We provide training and education to community healthcare workers, traditional birth attendants and midwives to assure proper adoption and implementation of the baby delivery kits in the country and work with underemployed women, who are usually the traditional birth attendants, in the communities and they serve as advocates of safe birth practices after we have trained them. They then become our distribution agents earning 1% off every baby delivery kit that they distribute thereby economically empowering them. The baby delivery kit is designed to be distributed and used by traditional birth attendants (trained by our organization), health facilities in low-resource settings, family members or in an emergency they can be used by pregnant woman who give birth unassisted in the home. Traditional birth attendants are trained and oriented to the baby delivery kits so they can either provide it as part of their birth delivery services or encourage families to purchase the kit for home deliveries in areas where there are no health facilities, they are also designed to be sold through retail distribution outlets.

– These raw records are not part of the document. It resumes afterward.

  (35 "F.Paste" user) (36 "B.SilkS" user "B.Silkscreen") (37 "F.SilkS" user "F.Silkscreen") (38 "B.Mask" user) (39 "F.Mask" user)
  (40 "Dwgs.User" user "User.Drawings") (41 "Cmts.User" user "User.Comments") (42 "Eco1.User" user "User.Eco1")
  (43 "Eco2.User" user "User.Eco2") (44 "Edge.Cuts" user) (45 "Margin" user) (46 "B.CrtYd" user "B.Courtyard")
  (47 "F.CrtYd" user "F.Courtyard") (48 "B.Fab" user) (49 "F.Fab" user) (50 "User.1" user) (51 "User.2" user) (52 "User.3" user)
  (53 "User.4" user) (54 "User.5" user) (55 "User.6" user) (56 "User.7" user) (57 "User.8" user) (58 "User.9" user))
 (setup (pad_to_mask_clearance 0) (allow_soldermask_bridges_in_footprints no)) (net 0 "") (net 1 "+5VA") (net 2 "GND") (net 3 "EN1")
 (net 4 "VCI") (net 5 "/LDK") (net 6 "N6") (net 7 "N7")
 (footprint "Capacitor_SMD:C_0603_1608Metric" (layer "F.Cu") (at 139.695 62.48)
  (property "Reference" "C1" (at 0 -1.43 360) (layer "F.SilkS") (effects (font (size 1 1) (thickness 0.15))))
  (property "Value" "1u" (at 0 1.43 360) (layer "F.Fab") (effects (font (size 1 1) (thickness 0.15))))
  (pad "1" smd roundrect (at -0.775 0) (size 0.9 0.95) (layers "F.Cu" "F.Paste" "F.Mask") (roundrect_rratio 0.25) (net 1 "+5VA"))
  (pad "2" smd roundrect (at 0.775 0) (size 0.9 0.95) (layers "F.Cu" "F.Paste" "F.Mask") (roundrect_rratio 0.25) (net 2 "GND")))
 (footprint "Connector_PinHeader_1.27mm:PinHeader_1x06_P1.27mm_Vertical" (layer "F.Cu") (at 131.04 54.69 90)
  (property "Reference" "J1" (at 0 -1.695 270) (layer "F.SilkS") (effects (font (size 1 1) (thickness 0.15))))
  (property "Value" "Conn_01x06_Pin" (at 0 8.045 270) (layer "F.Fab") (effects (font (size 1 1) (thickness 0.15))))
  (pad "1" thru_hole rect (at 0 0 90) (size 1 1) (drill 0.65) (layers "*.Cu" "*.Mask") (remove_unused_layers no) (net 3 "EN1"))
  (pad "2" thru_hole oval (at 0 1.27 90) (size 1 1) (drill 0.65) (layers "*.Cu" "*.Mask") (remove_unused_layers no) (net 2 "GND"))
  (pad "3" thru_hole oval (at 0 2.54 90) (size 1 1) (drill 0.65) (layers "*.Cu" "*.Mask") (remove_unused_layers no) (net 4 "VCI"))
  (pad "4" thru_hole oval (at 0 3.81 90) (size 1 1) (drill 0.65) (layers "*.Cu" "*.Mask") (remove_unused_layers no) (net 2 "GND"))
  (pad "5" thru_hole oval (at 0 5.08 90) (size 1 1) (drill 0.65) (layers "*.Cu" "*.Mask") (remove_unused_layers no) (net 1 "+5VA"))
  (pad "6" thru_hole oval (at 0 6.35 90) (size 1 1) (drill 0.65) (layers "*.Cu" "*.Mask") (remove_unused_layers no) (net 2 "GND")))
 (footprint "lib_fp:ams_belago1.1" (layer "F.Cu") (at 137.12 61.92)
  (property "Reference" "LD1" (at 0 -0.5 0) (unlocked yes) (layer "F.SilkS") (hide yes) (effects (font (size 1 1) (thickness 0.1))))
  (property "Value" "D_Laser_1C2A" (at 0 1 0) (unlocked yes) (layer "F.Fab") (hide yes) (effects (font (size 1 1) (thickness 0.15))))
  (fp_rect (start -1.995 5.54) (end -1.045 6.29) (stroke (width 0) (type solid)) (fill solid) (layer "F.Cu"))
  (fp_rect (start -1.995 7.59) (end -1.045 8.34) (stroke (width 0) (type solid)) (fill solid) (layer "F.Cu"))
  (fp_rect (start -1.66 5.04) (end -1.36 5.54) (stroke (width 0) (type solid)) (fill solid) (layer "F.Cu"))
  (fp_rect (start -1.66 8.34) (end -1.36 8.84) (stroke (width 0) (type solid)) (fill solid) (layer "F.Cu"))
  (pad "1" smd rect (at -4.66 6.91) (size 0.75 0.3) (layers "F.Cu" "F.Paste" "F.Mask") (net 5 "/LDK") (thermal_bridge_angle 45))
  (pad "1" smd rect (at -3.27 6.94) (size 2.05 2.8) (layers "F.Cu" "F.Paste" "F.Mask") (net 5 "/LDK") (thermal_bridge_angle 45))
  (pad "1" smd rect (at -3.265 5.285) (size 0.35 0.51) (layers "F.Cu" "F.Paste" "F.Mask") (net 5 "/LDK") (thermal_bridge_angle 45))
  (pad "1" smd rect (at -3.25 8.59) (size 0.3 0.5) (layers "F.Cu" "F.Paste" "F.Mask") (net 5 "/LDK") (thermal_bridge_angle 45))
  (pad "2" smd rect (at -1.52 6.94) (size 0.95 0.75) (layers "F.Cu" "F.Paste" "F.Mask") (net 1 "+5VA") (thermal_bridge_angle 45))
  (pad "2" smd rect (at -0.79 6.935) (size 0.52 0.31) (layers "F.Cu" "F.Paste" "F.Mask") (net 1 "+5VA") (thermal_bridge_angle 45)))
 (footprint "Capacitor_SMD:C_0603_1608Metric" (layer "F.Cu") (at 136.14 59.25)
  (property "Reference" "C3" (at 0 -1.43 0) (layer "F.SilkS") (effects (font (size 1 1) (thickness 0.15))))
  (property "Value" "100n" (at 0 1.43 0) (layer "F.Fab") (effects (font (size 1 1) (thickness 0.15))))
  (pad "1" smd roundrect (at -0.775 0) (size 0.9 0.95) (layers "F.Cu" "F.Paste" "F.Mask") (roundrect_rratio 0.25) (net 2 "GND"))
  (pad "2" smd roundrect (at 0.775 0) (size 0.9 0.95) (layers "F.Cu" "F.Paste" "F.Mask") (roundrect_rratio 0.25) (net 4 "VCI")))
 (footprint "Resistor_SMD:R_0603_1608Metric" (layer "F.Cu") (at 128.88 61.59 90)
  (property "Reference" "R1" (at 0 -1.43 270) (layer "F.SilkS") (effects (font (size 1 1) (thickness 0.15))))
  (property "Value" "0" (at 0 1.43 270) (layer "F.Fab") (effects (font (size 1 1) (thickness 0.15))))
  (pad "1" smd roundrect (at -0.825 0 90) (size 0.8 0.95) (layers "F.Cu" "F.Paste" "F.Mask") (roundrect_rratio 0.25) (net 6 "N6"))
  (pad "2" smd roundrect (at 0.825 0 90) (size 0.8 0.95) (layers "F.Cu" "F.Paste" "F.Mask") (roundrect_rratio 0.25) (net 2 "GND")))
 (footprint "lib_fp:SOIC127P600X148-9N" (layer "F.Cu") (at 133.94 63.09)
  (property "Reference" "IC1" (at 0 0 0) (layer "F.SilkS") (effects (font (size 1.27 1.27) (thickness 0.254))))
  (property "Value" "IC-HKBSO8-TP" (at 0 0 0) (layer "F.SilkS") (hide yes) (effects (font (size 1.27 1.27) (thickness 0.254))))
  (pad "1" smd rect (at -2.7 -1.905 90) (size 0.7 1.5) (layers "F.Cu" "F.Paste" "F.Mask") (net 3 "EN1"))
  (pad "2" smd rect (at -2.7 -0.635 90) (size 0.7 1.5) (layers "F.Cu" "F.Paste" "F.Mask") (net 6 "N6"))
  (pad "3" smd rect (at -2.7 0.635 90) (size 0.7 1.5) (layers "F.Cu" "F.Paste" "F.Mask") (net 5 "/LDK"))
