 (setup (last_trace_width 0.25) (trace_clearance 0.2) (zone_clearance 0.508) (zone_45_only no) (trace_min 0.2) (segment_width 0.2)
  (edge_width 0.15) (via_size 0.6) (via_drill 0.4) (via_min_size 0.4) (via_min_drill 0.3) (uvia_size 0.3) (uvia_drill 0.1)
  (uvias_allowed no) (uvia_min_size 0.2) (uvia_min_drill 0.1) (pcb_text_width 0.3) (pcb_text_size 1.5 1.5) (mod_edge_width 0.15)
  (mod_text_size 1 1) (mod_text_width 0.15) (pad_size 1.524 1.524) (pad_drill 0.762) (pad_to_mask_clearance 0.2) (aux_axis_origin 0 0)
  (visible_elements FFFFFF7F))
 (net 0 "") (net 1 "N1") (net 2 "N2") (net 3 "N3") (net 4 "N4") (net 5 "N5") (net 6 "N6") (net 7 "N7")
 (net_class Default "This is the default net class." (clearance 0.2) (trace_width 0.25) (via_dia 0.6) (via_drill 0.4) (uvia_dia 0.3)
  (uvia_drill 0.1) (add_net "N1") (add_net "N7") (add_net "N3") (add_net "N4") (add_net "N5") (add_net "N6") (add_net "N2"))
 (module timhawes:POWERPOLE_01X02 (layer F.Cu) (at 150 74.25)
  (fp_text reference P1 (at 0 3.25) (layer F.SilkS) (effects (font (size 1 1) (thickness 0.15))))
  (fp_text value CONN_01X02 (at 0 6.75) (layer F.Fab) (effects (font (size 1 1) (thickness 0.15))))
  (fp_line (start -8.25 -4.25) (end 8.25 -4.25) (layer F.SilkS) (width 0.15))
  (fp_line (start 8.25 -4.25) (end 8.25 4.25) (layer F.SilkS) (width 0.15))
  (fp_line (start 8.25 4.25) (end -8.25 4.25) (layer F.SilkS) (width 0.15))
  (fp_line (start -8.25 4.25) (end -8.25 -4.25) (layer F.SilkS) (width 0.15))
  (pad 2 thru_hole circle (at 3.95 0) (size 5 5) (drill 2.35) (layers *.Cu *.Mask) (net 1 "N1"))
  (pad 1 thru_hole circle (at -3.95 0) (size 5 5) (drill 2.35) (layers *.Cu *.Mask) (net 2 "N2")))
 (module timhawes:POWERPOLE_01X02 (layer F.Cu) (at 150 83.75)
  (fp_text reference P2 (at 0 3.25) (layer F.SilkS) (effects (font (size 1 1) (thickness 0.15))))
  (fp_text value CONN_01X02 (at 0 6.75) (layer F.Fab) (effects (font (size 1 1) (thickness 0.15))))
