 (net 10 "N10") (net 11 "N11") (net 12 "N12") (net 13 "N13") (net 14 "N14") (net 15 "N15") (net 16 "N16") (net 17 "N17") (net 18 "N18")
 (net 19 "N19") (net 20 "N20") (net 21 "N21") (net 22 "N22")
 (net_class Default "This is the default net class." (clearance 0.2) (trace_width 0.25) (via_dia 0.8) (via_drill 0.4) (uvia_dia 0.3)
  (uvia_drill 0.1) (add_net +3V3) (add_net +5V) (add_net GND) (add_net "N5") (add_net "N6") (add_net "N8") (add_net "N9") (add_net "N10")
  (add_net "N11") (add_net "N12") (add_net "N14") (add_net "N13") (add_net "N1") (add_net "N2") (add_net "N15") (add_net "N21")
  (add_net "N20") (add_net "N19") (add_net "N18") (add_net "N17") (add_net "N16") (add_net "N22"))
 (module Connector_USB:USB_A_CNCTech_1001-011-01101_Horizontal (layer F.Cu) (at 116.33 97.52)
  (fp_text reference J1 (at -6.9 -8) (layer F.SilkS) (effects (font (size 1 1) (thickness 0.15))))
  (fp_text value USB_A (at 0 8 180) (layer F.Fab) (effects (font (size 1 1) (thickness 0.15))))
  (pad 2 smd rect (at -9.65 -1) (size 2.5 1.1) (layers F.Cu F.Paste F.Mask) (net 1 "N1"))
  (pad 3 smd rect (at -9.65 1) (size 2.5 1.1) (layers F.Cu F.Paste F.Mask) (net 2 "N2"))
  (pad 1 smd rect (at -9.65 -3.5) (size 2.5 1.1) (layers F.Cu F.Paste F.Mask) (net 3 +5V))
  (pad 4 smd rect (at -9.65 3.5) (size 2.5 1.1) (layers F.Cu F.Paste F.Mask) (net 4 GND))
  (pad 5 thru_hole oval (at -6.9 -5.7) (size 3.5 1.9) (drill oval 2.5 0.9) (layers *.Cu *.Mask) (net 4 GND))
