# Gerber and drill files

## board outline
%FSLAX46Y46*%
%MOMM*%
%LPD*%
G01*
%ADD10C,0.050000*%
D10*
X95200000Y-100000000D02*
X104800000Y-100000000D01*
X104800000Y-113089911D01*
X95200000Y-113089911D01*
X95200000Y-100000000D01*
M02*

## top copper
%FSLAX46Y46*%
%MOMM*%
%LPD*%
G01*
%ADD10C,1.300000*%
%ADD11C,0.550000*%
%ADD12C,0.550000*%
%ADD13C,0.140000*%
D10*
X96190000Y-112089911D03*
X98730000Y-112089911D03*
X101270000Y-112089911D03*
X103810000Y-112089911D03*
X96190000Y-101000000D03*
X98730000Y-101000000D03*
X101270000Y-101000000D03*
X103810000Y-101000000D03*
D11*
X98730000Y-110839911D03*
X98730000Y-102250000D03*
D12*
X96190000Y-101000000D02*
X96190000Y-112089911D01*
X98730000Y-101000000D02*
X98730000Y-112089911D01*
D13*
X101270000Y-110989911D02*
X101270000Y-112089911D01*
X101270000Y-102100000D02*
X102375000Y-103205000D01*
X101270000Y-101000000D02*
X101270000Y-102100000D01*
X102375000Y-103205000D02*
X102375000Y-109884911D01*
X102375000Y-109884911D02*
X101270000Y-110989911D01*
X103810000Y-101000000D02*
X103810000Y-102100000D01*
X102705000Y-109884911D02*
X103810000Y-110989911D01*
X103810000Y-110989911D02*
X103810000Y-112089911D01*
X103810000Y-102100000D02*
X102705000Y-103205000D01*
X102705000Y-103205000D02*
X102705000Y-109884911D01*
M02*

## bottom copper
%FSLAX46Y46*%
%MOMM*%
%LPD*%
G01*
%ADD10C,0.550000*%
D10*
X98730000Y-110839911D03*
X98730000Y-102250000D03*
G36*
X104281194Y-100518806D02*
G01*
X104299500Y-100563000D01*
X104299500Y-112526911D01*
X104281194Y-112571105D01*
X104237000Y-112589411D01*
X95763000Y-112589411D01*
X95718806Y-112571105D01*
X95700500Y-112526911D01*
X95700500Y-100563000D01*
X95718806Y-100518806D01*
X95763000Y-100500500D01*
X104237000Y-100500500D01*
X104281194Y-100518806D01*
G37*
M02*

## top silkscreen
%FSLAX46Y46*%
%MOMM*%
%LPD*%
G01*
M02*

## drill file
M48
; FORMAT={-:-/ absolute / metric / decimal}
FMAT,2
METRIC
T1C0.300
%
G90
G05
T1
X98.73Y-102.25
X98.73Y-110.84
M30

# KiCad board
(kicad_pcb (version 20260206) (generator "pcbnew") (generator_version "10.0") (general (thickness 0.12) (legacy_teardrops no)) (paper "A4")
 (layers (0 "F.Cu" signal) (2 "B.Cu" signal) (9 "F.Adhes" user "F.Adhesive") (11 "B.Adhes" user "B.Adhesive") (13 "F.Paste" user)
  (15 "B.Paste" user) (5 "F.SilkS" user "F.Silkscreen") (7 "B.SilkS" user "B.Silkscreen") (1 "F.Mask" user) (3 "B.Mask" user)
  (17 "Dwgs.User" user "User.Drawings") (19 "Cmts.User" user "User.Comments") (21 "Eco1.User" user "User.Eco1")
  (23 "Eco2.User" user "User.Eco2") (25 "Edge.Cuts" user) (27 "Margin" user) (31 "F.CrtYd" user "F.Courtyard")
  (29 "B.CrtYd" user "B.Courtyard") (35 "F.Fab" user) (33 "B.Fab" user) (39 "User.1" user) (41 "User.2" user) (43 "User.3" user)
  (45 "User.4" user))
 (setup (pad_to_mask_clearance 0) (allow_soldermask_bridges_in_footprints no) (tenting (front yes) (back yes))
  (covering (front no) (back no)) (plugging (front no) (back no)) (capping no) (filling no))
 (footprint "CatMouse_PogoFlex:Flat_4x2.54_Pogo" (layer "F.Cu") (at 100 112.089911)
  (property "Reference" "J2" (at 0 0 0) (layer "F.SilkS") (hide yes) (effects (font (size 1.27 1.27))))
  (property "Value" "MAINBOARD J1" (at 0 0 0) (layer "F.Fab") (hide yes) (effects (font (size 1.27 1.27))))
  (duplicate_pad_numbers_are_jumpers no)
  (pad "1" smd circle (at -3.81 0) (size 1.3 1.3) (layers "F.Cu" "F.Mask") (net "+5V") (solder_mask_margin 0.1))
  (pad "2" smd circle (at -1.27 0) (size 1.3 1.3) (layers "F.Cu" "F.Mask") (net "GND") (solder_mask_margin 0.1))
  (pad "3" smd circle (at 1.27 0) (size 1.3 1.3) (layers "F.Cu" "F.Mask") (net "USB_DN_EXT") (solder_mask_margin 0.1))
  (pad "4" smd circle (at 3.81 0) (size 1.3 1.3) (layers "F.Cu" "F.Mask") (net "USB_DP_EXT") (solder_mask_margin 0.1)))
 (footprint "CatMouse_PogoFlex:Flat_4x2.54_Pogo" (layer "F.Cu") (at 100 101)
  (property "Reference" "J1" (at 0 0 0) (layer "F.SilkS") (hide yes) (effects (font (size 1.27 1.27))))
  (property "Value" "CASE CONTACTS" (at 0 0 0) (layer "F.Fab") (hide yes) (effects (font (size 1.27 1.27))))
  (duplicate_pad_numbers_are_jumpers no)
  (pad "1" smd circle (at -3.81 0) (size 1.3 1.3) (layers "F.Cu" "F.Mask") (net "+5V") (solder_mask_margin 0.1))
  (pad "2" smd circle (at -1.27 0) (size 1.3 1.3) (layers "F.Cu" "F.Mask") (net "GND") (solder_mask_margin 0.1))
  (pad "3" smd circle (at 1.27 0) (size 1.3 1.3) (layers "F.Cu" "F.Mask") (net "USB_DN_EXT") (solder_mask_margin 0.1))
  (pad "4" smd circle (at 3.81 0) (size 1.3 1.3) (layers "F.Cu" "F.Mask") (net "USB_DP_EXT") (solder_mask_margin 0.1)))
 (gr_rect (start 95.2 100) (end 104.8 113.089911) (stroke (width 0.05) (type default)) (fill no) (layer "Edge.Cuts"))
 (segment (start 96.19 101) (end 96.19 112.089911) (width 0.55) (layer "F.Cu") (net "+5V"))
 (segment (start 98.73 101) (end 98.73 112.089911) (width 0.55) (layer "F.Cu") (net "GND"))
 (via (at 98.73 110.839911) (size 0.55) (drill 0.3) (layers "F.Cu" "B.Cu") (tenting (front yes) (back yes)) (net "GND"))
 (via (at 98.73 102.25) (size 0.55) (drill 0.3) (layers "F.Cu" "B.Cu") (tenting (front yes) (back yes)) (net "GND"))
 (segment (start 101.27 110.989911) (end 101.27 112.089911) (width 0.14) (layer "F.Cu") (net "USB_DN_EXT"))
 (segment (start 101.27 102.1) (end 102.375 103.205) (width 0.14) (layer "F.Cu") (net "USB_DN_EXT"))
 (segment (start 101.27 101) (end 101.27 102.1) (width 0.14) (layer "F.Cu") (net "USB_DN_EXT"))
 (segment (start 102.375 103.205) (end 102.375 109.884911) (width 0.14) (layer "F.Cu") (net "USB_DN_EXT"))
 (segment (start 102.375 109.884911) (end 101.27 110.989911) (width 0.14) (layer "F.Cu") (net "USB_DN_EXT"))
 (segment (start 103.81 101) (end 103.81 102.1) (width 0.14) (layer "F.Cu") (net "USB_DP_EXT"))
 (segment (start 102.705 109.884911) (end 103.81 110.989911) (width 0.14) (layer "F.Cu") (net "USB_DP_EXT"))
 (segment (start 103.81 110.989911) (end 103.81 112.089911) (width 0.14) (layer "F.Cu") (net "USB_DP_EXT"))
 (segment (start 103.81 102.1) (end 102.705 103.205) (width 0.14) (layer "F.Cu") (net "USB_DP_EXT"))
 (segment (start 102.705 103.205) (end 102.705 109.884911) (width 0.14) (layer "F.Cu") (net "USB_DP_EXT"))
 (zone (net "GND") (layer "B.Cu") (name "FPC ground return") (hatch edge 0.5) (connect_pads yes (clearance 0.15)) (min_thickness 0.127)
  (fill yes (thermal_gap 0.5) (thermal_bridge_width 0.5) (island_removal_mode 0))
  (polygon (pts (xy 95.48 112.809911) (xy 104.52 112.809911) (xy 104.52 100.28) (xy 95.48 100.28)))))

We believe that by getting the right tools and approaches to communities everywhere, we’re giving more mothers and babies the chance to thrive regardless of where they are born or where they live.
Organizations have worked with different versions of clean births projects but these efforts remain largely ineffective, expensive, and unsustainable because they depend on grants, wrong target market, and lack efficient access to resource-poor markets. We have unique understanding of and access to the Zambian health and regional market, and a sustainable source of revenue scaled via repeat sales to health institutions. Our organization also leverage existing channels/systems by working directly with the Ministry of Health, involving local communities in supply chains, and training women from poor communities to function as frontline health workers. We distribute essential kit supplies and other healthcare products such as locally manufactured sanitary pads in their catchment geographies (made from banana fiber which is usually discarded as a waste product in banana plantations), this has reduced complaints of abdominal pain previously caused by unclean materials such as the dirty rags used for padding. Our business models help decentralize healthcare, improve referral linkages, leverage local resources, and above all, generate employment and build capacities.